Online supplemental material
Fig. S1 shows that hKid is transported into the nucleus via the importin-α/β transport pathway in digitonin-permeabilized HeLa cells. Fig. S2 shows fluorescence recovery of Venus–wt hKid and Venus–ΔNLSs hKid on mitotic chromosomes in living cells in more detail. Fig. S3 shows several images of hKid in mitotic cells overexpressing Ran and mutant Ran at various levels.
We thank Dr. Miyawaki for his generous gift of Venus cDNA and CFP cDNA.

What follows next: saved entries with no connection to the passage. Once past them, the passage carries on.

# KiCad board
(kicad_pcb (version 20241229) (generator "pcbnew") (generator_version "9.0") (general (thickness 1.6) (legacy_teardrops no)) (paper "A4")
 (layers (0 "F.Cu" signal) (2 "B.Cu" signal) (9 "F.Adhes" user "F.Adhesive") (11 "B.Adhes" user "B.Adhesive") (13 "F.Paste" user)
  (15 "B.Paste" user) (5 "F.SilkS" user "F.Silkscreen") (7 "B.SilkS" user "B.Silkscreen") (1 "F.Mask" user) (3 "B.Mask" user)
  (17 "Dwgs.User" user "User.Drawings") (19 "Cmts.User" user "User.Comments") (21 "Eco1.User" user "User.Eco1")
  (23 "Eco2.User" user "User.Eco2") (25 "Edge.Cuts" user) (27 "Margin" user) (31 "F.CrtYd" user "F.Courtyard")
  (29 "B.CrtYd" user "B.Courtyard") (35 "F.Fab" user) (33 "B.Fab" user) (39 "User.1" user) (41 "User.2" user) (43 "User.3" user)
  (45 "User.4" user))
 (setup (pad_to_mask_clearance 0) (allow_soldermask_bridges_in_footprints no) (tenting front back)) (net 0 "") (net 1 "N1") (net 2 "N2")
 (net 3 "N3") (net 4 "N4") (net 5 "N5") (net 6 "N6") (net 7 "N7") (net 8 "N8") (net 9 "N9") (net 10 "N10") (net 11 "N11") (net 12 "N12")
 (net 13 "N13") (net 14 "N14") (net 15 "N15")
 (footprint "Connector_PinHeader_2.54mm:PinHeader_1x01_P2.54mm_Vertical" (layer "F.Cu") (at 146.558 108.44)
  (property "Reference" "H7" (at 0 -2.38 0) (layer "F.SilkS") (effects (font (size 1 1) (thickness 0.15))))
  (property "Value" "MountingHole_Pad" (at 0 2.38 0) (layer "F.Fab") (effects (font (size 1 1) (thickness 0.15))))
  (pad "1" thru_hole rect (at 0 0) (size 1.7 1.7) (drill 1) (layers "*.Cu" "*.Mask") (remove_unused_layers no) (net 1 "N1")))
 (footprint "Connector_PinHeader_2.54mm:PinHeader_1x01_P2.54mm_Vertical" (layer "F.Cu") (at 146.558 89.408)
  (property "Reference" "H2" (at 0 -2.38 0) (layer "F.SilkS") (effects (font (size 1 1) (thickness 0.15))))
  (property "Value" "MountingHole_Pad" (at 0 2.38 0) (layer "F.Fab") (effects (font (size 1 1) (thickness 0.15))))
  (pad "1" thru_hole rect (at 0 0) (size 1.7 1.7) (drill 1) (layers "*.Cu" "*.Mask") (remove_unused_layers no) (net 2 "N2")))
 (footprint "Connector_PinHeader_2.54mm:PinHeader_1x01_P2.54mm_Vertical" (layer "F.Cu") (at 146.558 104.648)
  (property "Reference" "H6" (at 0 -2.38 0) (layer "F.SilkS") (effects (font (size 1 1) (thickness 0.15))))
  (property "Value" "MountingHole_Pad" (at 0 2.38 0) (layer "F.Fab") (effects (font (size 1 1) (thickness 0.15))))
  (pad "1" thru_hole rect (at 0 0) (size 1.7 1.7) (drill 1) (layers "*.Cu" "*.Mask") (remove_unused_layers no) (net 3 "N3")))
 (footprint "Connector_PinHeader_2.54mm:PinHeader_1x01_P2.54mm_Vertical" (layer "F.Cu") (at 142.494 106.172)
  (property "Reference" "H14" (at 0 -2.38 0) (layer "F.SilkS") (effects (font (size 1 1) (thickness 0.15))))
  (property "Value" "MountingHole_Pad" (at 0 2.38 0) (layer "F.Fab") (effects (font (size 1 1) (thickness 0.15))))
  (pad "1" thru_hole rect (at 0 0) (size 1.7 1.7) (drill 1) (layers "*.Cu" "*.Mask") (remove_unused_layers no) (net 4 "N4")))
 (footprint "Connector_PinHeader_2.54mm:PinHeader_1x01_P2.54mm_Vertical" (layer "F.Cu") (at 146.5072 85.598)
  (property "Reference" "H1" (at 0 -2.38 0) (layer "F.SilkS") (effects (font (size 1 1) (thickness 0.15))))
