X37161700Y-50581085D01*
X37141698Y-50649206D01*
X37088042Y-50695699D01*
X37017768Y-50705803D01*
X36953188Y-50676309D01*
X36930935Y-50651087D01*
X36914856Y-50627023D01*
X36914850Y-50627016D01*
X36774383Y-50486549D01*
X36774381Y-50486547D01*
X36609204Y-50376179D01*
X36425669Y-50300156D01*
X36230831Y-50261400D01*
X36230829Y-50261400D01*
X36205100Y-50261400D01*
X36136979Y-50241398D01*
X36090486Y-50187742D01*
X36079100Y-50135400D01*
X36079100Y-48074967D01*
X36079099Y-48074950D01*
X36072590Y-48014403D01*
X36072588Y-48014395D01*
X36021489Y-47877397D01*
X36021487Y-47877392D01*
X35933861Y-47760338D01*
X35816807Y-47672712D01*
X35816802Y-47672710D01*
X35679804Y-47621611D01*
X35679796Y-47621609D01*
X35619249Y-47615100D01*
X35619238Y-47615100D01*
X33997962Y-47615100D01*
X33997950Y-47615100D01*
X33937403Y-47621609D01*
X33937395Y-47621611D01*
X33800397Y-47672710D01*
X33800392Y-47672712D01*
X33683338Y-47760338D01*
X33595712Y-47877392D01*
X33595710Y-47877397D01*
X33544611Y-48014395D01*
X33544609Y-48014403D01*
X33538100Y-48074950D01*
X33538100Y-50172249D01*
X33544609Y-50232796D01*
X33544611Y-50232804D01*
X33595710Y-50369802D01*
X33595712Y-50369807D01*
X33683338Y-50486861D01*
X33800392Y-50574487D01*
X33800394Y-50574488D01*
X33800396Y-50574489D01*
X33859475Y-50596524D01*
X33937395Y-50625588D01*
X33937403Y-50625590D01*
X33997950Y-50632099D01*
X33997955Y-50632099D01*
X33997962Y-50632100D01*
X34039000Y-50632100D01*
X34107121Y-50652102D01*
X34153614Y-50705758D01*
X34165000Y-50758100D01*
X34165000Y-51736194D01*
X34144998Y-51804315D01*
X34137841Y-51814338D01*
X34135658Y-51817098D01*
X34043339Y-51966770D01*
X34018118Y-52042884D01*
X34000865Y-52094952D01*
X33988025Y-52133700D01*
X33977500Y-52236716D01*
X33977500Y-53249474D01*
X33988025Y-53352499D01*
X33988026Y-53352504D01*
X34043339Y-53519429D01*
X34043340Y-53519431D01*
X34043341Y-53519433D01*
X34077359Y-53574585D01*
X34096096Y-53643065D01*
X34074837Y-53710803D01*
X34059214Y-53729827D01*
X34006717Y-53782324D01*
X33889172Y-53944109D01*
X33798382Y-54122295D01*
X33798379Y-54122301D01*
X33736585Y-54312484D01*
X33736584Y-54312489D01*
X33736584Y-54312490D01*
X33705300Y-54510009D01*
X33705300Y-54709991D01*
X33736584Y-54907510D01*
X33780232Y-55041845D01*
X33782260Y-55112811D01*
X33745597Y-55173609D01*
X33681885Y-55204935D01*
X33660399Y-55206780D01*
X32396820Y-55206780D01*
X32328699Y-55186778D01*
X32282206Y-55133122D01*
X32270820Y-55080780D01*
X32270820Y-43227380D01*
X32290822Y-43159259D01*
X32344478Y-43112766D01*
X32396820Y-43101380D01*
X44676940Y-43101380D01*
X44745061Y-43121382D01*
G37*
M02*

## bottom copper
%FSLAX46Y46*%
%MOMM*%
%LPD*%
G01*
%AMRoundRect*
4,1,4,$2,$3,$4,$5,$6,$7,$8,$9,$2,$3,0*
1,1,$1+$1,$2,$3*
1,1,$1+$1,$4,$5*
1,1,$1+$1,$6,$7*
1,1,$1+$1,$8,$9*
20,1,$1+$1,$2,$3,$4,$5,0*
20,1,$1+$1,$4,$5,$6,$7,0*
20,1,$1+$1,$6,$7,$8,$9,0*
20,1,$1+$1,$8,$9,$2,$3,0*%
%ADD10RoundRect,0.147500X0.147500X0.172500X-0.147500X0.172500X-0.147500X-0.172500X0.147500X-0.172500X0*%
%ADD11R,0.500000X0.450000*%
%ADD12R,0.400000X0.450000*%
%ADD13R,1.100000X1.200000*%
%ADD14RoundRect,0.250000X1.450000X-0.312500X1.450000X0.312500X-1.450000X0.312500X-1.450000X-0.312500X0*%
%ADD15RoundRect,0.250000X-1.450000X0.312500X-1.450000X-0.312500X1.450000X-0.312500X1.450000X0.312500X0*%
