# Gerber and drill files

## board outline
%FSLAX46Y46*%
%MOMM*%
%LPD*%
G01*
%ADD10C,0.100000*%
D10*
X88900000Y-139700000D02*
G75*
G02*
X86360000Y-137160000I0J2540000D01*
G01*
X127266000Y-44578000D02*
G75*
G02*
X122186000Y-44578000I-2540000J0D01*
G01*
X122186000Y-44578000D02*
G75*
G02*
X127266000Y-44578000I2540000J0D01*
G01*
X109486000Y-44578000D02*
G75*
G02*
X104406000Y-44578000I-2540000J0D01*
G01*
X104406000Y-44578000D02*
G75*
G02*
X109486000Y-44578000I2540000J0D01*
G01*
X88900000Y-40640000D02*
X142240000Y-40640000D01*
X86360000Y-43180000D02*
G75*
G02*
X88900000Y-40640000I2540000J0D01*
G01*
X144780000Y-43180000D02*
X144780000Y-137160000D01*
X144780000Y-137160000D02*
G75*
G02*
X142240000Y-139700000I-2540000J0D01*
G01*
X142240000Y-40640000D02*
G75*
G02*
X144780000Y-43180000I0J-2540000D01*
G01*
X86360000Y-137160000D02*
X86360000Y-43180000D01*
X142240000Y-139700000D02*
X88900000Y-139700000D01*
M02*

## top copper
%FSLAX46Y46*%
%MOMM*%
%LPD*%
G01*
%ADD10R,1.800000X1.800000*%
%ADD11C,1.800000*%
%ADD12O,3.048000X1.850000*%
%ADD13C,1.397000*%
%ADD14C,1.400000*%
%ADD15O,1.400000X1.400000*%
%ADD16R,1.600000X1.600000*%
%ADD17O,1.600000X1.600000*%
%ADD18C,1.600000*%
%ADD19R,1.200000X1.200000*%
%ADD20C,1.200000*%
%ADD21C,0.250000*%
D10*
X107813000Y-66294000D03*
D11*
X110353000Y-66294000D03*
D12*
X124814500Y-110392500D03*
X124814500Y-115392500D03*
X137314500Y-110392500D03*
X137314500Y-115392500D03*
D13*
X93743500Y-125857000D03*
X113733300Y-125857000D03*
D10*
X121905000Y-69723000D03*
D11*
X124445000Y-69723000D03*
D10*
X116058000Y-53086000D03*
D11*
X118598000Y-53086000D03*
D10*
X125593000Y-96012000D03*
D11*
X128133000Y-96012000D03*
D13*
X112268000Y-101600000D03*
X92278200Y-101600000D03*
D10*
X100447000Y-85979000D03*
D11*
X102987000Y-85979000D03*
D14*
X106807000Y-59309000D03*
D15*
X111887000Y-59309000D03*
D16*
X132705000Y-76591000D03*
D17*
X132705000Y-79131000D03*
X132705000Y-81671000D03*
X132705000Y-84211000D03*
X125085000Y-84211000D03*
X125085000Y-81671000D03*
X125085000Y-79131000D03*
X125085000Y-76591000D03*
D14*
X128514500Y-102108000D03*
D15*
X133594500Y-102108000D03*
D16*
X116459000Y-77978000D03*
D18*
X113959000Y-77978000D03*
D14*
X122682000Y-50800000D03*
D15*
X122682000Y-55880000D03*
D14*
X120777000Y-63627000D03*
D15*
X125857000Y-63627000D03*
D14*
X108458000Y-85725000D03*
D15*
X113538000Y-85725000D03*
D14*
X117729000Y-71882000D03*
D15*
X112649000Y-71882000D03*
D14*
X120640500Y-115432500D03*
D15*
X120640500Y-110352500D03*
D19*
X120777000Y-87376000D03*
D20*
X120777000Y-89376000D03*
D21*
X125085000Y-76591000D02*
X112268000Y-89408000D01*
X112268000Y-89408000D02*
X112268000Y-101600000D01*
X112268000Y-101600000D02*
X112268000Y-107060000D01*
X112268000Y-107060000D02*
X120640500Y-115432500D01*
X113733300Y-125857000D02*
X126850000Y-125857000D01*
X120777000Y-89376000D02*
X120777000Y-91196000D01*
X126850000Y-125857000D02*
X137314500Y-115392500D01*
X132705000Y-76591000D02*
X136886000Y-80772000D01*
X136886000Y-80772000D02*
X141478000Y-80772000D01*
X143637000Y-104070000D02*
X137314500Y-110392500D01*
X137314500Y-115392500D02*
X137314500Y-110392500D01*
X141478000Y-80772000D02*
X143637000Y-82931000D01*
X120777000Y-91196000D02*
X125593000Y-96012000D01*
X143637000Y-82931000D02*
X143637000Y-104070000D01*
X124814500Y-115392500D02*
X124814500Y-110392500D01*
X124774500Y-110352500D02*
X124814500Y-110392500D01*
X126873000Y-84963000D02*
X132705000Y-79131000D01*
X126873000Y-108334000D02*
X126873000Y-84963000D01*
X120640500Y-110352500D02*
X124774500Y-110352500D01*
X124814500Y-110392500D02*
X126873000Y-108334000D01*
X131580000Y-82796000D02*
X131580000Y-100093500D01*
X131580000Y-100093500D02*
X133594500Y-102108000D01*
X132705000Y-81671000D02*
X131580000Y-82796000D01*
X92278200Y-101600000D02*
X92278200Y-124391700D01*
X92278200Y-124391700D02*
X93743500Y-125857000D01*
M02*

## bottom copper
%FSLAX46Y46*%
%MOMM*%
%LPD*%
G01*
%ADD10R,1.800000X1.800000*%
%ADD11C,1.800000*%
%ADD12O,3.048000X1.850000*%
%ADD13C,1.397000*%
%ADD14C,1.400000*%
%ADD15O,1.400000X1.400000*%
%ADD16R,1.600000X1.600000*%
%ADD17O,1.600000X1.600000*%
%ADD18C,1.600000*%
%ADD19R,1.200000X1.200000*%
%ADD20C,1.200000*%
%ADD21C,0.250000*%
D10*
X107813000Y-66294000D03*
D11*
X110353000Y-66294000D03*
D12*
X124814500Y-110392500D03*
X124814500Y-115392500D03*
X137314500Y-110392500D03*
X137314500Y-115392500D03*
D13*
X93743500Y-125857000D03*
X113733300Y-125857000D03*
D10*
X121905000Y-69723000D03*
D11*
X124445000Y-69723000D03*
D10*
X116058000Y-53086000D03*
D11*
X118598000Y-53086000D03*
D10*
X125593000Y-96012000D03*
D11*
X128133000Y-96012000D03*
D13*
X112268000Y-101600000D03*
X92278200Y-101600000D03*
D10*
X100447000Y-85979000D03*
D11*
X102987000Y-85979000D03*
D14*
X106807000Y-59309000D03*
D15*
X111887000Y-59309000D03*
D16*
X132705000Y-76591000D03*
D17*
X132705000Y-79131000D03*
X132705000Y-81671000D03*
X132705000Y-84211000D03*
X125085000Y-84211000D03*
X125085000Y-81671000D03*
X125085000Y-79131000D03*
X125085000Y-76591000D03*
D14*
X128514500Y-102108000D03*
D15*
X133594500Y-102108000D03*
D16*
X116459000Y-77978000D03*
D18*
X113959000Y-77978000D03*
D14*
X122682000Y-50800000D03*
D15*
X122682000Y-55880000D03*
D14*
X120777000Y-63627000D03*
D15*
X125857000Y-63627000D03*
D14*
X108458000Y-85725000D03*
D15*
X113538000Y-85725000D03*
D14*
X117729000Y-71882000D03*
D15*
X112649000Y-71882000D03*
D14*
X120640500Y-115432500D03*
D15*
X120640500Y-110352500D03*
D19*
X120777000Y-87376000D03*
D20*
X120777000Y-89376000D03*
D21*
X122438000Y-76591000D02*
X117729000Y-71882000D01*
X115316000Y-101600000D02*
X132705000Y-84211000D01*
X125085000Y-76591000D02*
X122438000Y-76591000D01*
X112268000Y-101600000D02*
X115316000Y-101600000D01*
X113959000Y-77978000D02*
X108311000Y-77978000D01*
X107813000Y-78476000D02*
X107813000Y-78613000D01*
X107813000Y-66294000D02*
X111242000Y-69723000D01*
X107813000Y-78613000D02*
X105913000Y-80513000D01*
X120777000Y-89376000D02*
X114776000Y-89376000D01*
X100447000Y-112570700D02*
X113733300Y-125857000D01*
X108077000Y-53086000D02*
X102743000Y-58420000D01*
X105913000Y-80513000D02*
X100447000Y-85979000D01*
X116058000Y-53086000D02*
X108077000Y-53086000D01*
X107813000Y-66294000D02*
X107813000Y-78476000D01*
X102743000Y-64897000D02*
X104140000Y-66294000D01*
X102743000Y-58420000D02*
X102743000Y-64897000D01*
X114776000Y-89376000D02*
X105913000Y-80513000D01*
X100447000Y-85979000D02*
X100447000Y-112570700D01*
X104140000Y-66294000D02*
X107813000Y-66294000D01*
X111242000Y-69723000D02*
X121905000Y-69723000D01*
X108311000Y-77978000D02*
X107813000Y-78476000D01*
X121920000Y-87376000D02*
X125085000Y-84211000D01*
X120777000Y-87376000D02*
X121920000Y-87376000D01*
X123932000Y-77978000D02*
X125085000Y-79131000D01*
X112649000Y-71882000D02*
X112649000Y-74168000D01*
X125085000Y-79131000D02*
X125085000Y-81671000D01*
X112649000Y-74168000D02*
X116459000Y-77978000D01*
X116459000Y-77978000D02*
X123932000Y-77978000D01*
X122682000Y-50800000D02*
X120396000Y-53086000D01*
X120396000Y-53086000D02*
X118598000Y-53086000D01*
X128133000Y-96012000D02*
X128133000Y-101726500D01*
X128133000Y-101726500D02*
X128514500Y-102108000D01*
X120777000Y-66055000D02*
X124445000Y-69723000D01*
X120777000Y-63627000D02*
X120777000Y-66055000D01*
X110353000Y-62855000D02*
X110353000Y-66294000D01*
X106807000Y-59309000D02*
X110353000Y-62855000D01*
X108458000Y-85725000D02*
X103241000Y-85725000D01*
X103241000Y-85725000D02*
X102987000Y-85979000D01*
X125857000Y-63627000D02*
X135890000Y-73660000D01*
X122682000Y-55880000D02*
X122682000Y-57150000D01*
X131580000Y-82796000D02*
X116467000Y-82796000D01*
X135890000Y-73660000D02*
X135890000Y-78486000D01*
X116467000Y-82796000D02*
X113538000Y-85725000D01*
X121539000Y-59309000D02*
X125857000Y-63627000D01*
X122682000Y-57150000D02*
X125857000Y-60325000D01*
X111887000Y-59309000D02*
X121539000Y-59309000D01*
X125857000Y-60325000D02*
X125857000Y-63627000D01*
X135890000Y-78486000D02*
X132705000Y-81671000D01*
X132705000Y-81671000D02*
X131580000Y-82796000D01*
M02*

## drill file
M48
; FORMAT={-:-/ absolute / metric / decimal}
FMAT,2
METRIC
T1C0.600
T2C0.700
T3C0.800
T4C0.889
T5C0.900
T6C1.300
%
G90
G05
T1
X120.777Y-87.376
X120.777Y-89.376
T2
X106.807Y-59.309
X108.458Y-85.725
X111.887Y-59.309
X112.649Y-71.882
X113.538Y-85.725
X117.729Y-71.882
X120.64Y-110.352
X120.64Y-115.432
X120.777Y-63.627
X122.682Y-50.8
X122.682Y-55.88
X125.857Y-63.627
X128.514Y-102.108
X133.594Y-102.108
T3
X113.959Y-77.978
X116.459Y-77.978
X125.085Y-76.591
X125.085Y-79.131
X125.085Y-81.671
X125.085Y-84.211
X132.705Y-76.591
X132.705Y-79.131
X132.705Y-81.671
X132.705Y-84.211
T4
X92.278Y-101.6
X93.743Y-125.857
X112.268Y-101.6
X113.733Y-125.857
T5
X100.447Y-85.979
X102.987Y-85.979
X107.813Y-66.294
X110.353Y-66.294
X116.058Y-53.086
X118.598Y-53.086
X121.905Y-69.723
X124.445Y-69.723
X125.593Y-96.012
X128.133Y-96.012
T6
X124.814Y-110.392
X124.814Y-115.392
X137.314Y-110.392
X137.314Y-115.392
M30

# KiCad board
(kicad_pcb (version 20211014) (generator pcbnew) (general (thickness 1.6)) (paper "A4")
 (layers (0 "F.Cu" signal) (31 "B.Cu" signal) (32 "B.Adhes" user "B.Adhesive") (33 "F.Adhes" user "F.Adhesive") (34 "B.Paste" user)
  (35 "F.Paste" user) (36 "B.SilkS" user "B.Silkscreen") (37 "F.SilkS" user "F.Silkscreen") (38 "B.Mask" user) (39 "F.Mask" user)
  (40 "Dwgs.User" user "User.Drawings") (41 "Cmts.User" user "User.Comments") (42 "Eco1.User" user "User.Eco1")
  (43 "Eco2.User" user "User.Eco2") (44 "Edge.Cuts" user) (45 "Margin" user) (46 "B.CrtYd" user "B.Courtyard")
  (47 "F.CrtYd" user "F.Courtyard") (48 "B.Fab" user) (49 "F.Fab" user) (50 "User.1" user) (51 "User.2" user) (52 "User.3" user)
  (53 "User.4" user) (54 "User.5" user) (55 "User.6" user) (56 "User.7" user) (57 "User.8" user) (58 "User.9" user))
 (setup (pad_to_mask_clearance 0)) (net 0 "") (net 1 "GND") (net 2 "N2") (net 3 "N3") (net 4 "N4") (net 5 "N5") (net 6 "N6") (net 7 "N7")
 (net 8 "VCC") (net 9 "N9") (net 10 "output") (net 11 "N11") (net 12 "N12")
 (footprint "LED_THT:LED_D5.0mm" (layer "F.Cu") (at 107.813 66.294)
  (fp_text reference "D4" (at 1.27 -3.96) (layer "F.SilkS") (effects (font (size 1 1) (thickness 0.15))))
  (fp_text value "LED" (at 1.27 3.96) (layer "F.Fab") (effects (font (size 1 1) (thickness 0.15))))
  (pad "1" thru_hole rect (at 0 0) (size 1.8 1.8) (drill 0.9) (layers *.Cu *.Mask) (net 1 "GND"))
  (pad "2" thru_hole circle (at 2.54 0) (size 1.8 1.8) (drill 0.9) (layers *.Cu *.Mask) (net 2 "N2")))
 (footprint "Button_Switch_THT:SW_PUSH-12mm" (layer "F.Cu") (at 124.8145 110.3925)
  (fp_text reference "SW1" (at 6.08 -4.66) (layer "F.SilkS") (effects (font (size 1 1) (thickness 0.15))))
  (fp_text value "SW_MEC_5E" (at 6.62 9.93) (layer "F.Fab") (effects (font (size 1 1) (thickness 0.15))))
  (pad "1" thru_hole oval (at 0 0) (size 3.048 1.85) (drill 1.3) (layers *.Cu *.Mask) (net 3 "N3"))
  (pad "2" thru_hole oval (at 0 5) (size 3.048 1.85) (drill 1.3) (layers *.Cu *.Mask) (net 3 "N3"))
  (pad "3" thru_hole oval (at 12.5 0) (size 3.048 1.85) (drill 1.3) (layers *.Cu *.Mask) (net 1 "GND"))
  (pad "4" thru_hole oval (at 12.5 5) (size 3.048 1.85) (drill 1.3) (layers *.Cu *.Mask) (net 1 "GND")))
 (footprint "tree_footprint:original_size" (layer "F.Cu") (at 117.382022 74.6487)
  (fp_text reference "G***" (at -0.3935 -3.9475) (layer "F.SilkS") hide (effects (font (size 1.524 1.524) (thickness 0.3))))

This work was supported by Grants-in-Aid from the Ministry of Education, Culture, Sports, Science and Technology of Japan and by funds from the Institute of Physical and Chemical Research Bioarchitect Research Project, Chemical Biology Project, and Grants-in-Aid President's Discretionary Fund (N. Imamoto), and the Directors Fund of the Institute of Physical and Chemical Research Discovery Research Institute (M. Takagi).
Abbreviations used in this paper: CAS, cellular apoptosis susceptibility; FLIP, fluorescence loss in photobleaching; GAP, GTPase-activating protein; hKid, human kinesin-like DNA binding protein; RCC1, regulator of chromosome condensation 1; SAF, spindle assembly factor; wt, wild type.